Big Data Security Companies
Digital security is a huge field with thousands of vendors. Big data security is a considerably smaller sector given its high technical challenges and scalability requirements. However, big data owners are willing and able to spend money to secure the valuable employments, and vendors are responding. Below are a few representative big data security companies.
- Thales (Vormetric): Vormetric Data Security Platform offers security controls and encryption across all three stages of data and big data platforms: incoming data, stored data, and results output. Its technologies include encryption, key management, and access control. It also audits and reports for governance and compliance purposes.
- Cloudwick: Cloudwick Data Analytics Platform (CDAP) builds on Intel Xeon and Cloudera's Hadoop distribution. CDAP is a managed data security hub that aggregates security features from multiple from multiple analytics toolsets, machine learning projects, and traditional IDS and IPS.
- IBM: IBM Security Guardium monitors security and compliance and big data and NoSQL environments. It includes sensitive data discovery and classification, vulnerability assessment, and data and file monitoring. Guardium also masks, encrypts, blocks, alerts, and quarantines suspicious access attempts.
- Logtrust: Logtrust partnered with Panda Security to provide the Advanced Reporting Tool (ART) and Panda Adaptive Defense. ART automatically reports attacks and suspicious digital behaviors and detects internal threats to big data systems and networks. Panda Adaptive Defense correlates data from multiple sources, which is critical in big data environments with multiple nodes and data sources.
- Gemalto: Gemalto SafeNet protects big data platforms in the cloud, data center, and virtual environments.

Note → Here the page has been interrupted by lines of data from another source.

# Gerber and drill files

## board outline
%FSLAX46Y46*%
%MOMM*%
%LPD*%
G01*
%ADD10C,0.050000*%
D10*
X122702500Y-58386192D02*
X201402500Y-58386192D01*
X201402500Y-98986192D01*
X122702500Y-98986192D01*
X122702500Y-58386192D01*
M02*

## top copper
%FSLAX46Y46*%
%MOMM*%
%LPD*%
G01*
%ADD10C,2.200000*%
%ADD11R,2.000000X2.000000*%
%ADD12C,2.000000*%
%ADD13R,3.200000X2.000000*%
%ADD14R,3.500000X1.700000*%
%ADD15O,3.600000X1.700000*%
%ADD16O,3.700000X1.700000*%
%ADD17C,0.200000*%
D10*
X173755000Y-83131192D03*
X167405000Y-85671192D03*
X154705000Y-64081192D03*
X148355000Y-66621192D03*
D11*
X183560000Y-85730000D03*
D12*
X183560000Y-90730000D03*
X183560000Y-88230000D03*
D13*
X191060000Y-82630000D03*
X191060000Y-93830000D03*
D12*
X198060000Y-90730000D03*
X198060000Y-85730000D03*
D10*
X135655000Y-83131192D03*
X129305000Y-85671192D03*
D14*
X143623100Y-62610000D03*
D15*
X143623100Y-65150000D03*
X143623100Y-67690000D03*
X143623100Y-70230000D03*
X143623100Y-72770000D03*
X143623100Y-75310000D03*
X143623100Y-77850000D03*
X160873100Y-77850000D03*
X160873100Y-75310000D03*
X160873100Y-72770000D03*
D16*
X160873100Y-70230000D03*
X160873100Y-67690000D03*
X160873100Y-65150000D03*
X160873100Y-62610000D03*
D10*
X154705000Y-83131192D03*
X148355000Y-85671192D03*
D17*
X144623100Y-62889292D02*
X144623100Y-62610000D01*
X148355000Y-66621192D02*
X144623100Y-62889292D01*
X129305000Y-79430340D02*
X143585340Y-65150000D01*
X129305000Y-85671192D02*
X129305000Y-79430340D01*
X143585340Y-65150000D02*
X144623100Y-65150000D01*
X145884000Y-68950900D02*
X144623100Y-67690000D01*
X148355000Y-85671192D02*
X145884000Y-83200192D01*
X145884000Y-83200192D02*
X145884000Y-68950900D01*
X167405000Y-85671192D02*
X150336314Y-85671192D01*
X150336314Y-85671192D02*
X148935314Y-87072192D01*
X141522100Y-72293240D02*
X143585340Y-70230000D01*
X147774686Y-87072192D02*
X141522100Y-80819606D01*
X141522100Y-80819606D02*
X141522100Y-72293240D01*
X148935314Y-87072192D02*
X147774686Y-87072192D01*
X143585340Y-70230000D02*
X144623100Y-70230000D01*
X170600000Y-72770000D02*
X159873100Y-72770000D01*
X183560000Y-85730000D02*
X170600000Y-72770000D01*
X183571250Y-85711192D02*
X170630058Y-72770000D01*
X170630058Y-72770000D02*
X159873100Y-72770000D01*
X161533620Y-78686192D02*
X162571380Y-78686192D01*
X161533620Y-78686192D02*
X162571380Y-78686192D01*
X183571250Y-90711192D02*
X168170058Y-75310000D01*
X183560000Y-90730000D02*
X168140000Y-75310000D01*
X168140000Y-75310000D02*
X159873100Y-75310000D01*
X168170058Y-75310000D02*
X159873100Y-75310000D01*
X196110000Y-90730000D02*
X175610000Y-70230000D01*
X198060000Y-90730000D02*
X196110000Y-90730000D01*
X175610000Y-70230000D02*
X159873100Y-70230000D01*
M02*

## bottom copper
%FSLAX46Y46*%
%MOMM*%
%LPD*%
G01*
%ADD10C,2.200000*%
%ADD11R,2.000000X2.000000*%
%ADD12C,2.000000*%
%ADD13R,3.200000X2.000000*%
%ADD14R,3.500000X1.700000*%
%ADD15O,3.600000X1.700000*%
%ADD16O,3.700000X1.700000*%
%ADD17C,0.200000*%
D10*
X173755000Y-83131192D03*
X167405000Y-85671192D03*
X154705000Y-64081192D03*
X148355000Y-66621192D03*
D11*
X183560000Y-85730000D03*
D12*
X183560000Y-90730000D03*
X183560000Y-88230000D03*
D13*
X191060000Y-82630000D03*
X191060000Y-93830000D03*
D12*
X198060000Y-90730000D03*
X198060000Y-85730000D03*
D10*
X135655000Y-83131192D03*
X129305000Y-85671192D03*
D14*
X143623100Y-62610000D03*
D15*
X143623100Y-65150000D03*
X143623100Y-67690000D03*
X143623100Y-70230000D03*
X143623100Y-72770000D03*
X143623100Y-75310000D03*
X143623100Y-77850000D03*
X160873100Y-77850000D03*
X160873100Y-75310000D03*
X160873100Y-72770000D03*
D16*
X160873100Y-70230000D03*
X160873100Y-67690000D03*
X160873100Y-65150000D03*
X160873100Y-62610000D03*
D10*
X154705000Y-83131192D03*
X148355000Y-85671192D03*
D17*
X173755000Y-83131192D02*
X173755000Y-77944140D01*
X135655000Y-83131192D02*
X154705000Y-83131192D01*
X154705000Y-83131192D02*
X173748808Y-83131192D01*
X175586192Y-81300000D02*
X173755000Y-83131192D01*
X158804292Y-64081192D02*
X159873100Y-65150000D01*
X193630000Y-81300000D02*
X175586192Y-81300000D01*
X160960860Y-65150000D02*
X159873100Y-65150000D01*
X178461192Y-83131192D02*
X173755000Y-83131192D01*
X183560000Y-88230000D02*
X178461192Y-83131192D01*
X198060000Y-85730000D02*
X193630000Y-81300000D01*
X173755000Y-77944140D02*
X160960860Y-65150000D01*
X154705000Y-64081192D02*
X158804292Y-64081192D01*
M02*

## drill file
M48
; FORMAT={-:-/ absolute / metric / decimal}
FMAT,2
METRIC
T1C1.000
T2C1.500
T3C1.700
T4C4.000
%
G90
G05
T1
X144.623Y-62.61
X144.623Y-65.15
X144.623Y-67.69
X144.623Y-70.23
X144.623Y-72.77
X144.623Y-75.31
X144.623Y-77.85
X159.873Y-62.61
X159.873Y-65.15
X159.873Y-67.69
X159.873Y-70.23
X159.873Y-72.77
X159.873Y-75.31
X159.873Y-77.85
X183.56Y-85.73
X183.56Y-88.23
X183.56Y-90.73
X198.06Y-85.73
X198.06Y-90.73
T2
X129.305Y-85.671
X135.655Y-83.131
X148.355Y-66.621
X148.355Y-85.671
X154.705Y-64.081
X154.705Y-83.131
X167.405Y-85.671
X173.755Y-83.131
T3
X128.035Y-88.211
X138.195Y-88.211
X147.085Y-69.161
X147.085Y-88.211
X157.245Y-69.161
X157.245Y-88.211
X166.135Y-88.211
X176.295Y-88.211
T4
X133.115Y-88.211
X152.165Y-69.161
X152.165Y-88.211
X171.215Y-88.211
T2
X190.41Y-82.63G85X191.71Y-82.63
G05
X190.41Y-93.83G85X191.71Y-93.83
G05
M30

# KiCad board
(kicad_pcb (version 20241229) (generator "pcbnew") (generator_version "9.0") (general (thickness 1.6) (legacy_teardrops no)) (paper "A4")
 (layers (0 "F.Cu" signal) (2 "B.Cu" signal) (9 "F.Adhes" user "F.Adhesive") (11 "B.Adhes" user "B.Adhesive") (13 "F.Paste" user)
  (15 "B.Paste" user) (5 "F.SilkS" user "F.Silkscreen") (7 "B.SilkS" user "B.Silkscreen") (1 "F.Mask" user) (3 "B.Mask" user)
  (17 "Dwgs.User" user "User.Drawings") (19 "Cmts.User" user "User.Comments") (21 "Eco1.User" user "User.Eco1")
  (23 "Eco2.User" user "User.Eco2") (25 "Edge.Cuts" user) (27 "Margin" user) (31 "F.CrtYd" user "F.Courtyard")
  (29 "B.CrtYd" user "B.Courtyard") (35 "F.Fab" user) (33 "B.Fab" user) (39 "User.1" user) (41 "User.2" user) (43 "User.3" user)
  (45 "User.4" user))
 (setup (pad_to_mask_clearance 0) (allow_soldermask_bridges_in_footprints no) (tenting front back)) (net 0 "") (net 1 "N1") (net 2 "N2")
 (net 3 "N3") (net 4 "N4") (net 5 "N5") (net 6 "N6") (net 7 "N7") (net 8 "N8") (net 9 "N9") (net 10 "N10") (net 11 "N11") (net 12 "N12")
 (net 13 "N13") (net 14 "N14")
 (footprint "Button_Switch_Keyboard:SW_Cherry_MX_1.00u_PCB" (layer "F.Cu") (at 173.755 83.131192)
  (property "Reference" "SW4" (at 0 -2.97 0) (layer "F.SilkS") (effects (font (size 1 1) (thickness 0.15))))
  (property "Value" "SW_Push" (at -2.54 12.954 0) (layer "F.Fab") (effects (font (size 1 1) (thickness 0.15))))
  (pad "" np_thru_hole circle (at -7.62 5.08) (size 1.7 1.7) (drill 1.7) (layers "*.Cu" "*.Mask"))
  (pad "" np_thru_hole circle (at -2.54 5.08) (size 4 4) (drill 4) (layers "*.Cu" "*.Mask"))
  (pad "" np_thru_hole circle (at 2.54 5.08) (size 1.7 1.7) (drill 1.7) (layers "*.Cu" "*.Mask"))
  (pad "1" thru_hole circle (at 0 0) (size 2.2 2.2) (drill 1.5) (layers "*.Cu" "*.Mask") (remove_unused_layers no) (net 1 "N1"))
  (pad "2" thru_hole circle (at -6.35 2.54) (size 2.2 2.2) (drill 1.5) (layers "*.Cu" "*.Mask") (remove_unused_layers no) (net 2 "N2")))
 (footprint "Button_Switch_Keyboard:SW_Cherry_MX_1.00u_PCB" (layer "F.Cu") (at 154.705 64.081192)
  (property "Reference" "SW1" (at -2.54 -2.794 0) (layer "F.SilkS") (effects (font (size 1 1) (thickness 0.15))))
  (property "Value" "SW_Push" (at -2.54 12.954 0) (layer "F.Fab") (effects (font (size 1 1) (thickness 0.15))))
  (pad "" np_thru_hole circle (at -7.62 5.08) (size 1.7 1.7) (drill 1.7) (layers "*.Cu" "*.Mask"))
  (pad "" np_thru_hole circle (at -2.54 5.08) (size 4 4) (drill 4) (layers "*.Cu" "*.Mask"))
  (pad "" np_thru_hole circle (at 2.54 5.08) (size 1.7 1.7) (drill 1.7) (layers "*.Cu" "*.Mask"))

The toolset includes strong authentication and digital signing solutions, data-at-rest and in-motion encryption, and cryptographic key security and management. Gemalto integrates with leading big data providers including MongoDB, Cloudera, Couchbase, DataStax, Hortonworks, IBM, and Zettaset.

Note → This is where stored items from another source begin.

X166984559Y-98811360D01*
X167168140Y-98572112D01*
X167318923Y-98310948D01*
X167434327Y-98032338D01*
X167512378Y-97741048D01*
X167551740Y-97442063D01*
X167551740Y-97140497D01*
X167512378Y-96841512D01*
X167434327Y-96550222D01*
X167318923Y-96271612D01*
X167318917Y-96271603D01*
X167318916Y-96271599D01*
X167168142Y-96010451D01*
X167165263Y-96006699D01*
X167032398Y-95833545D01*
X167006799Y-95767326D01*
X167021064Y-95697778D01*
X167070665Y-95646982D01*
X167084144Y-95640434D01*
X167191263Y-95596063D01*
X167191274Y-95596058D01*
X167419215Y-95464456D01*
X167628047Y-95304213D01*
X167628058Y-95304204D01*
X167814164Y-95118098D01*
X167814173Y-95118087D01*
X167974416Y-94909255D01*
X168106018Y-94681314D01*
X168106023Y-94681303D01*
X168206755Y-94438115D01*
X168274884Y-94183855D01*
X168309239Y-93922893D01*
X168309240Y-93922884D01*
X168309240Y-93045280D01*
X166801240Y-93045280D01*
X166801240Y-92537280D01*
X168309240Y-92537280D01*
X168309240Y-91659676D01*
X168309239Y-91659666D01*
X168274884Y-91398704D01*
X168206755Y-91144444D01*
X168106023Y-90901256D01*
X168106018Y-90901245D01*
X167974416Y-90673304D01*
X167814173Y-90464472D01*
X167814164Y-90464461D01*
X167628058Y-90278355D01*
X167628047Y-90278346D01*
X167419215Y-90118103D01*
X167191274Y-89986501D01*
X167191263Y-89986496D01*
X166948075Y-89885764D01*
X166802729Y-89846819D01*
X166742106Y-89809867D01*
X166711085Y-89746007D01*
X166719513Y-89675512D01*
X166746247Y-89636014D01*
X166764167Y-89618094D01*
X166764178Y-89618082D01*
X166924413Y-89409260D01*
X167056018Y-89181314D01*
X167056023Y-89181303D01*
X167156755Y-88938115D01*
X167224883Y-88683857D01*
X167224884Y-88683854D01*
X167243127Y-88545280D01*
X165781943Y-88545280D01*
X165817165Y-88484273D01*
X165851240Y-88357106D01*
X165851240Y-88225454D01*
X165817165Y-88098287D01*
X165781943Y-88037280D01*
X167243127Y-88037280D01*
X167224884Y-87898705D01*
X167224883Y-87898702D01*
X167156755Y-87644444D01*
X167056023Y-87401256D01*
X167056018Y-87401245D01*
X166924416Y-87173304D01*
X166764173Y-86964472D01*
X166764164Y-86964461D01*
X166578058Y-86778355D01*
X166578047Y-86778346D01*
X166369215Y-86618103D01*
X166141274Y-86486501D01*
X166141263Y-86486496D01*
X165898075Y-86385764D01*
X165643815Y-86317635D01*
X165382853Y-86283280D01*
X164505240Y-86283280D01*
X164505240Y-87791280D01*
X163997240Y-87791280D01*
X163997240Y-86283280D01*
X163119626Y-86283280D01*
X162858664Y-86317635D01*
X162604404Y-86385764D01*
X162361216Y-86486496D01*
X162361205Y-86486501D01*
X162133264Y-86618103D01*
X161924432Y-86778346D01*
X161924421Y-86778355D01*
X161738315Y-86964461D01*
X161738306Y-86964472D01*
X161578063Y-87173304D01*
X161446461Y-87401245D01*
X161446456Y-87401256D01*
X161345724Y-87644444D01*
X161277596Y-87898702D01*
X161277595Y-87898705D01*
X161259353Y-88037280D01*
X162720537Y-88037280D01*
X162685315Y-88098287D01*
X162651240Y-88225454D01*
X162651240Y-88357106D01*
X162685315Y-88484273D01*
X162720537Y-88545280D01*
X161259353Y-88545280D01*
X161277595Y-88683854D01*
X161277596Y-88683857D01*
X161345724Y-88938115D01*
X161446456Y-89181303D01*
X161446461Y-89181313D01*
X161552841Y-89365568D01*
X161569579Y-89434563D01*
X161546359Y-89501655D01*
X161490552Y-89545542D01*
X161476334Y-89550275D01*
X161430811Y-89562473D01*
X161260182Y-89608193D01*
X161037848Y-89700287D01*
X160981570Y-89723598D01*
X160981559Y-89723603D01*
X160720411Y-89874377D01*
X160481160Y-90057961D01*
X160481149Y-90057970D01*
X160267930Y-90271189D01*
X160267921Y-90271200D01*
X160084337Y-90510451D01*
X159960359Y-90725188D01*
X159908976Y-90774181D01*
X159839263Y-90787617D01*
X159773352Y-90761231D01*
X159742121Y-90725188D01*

Who Is Responsible for Big Data Security?
A big data deployment crosses multiple business units. IT, database administrators, programmers, quality testers, InfoSec, compliance officers, and business units are all responsible in some way for the big data deployment. Who is responsible for securing big data?
The answer is everyone. IT and InfoSec are responsible for policies, procedures, and security software that effectively protect the big data deployment against malware and unauthorized user access. Compliance officers must work closely with this team to protect compliance, such as automatically stripping credit card numbers from results sent to a quality control team. DBAs should work closely with IT and InfoSec to safeguard their databases.

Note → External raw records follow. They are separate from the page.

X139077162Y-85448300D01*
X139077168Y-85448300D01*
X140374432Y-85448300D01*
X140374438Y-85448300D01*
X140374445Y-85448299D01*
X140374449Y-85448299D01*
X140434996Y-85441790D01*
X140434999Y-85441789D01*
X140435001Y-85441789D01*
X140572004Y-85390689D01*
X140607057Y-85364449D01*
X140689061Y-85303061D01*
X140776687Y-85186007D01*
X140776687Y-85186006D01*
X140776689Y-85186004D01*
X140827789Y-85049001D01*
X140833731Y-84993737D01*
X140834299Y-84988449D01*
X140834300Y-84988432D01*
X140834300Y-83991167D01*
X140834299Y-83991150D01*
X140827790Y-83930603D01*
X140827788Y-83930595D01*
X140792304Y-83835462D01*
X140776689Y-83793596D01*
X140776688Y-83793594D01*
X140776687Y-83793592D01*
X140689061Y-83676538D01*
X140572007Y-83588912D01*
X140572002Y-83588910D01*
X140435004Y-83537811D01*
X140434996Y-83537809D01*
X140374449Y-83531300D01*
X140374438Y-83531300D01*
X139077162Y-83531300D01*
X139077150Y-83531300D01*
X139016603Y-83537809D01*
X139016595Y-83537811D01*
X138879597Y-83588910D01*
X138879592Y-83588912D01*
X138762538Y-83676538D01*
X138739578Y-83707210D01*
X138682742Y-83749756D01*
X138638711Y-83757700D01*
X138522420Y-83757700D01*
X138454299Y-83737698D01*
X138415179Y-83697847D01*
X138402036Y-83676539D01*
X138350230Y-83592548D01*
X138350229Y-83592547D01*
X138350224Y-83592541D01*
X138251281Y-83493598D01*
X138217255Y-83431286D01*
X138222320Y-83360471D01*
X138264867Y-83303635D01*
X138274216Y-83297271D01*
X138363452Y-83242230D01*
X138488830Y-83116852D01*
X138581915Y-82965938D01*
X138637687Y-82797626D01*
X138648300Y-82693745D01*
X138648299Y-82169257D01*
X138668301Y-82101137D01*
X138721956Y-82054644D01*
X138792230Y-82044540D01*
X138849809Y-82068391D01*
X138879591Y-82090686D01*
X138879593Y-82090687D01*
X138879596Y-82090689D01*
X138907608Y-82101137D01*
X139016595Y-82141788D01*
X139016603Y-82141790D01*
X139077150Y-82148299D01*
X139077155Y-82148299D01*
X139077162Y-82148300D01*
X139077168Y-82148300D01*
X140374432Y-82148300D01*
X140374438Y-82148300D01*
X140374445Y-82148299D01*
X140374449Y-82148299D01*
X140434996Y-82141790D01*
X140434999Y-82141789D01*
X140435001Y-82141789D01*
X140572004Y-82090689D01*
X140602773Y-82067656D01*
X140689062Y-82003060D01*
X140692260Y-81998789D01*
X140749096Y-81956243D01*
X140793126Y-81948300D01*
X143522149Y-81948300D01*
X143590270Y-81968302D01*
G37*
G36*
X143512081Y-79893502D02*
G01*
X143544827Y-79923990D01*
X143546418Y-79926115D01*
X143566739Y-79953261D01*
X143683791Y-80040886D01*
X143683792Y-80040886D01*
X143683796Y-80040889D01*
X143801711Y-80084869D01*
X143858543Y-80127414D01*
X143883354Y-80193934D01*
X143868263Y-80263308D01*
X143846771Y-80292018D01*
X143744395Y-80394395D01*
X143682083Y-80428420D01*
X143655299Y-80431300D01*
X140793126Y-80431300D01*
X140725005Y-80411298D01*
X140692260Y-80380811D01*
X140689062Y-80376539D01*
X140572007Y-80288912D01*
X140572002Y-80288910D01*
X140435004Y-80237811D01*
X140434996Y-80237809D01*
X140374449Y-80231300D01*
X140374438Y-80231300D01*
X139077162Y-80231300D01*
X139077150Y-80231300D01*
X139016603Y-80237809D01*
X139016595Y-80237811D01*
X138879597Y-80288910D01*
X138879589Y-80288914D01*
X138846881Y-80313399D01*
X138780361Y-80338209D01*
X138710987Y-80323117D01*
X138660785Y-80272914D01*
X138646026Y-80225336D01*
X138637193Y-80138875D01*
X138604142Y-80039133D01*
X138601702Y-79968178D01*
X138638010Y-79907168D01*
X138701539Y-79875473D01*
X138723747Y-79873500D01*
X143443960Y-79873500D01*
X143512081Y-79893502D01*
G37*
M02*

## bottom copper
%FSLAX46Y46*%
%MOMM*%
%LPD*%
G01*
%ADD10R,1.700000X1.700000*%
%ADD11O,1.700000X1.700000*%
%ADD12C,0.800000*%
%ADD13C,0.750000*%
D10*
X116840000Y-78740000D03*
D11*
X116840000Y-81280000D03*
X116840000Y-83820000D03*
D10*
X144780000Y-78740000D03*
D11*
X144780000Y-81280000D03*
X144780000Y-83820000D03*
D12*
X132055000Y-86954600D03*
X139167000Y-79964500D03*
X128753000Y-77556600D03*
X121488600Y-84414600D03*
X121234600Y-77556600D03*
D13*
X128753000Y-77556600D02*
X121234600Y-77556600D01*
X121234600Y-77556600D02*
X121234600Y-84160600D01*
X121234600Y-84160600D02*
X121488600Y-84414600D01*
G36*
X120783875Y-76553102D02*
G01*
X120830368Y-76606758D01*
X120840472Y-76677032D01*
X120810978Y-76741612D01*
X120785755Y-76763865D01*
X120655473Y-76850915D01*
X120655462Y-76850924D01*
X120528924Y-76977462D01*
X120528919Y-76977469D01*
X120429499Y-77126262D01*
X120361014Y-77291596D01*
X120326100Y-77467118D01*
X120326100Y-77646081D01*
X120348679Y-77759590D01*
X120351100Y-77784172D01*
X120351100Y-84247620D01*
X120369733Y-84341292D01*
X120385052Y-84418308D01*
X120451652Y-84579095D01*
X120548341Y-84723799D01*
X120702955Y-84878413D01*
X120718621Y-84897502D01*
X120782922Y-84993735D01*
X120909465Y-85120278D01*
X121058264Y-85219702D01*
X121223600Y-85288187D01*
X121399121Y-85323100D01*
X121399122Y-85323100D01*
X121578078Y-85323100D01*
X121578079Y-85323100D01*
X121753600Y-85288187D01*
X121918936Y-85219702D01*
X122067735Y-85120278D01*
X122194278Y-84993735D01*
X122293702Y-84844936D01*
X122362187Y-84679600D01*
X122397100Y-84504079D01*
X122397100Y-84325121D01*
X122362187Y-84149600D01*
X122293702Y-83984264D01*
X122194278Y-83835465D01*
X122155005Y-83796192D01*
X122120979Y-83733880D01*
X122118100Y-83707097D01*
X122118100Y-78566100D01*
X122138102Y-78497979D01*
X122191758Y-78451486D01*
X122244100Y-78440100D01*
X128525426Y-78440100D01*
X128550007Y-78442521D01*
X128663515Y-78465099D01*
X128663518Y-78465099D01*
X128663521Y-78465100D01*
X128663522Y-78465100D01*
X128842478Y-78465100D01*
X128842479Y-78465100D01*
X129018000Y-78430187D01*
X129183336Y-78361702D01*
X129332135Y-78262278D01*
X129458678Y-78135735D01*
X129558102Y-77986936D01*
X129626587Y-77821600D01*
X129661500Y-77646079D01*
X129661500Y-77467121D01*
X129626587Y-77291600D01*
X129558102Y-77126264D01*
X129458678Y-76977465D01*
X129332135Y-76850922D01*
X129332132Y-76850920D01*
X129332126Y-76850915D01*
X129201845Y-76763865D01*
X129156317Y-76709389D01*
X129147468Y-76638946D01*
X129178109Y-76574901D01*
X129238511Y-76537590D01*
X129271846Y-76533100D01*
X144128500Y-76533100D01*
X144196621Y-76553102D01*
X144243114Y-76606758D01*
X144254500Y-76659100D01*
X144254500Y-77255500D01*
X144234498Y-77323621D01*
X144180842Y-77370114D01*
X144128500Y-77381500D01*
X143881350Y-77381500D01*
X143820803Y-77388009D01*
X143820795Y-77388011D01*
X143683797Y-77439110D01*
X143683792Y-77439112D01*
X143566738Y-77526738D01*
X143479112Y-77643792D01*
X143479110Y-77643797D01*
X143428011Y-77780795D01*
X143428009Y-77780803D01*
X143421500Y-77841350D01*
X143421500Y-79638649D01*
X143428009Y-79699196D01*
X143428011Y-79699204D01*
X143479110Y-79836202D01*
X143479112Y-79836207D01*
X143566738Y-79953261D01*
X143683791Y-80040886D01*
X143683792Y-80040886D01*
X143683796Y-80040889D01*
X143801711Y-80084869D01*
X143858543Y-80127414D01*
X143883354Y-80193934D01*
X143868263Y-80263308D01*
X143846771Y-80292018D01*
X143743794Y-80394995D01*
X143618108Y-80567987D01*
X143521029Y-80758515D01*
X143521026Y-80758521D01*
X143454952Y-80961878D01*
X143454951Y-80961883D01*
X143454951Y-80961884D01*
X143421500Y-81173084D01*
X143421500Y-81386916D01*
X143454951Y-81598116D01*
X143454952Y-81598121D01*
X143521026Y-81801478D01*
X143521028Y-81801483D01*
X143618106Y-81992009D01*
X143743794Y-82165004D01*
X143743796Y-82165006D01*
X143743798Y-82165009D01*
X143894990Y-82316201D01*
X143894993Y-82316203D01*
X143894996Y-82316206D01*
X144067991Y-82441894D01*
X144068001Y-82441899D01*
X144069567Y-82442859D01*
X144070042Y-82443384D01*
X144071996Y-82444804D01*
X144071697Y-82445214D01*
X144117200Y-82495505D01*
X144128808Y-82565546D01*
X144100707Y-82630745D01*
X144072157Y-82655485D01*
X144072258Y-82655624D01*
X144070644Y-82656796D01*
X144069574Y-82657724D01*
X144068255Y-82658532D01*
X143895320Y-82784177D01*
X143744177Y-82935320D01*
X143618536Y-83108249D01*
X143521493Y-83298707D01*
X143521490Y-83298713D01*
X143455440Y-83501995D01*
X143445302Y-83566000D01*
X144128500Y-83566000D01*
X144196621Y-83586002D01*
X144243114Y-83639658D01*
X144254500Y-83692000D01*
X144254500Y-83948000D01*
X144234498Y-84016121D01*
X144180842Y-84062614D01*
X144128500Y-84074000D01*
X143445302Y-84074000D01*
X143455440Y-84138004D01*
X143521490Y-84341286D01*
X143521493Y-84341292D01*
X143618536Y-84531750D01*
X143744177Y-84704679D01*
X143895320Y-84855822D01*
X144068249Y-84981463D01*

Finally, end-users are just as responsible for protecting company data. Ironically, even though many companies use their big data platform to detect intrusion anomalies, that big data platform is just as vulnerable to malware and intrusion as any stored data. One of the simplest ways for attackers to infiltrate networks including big data platforms is simple email. Although most users will know to delete the usual awkward attempts from Nigerian princes and fake FedEx shipments, some phishing attacks are extremely sophisticated. When you are administering security for your big data platform – or you are an end-user combing through your email -- never ignore the power of a lowly email.
Secure your big data platform from high threats and low, and it will serve your business well for many years.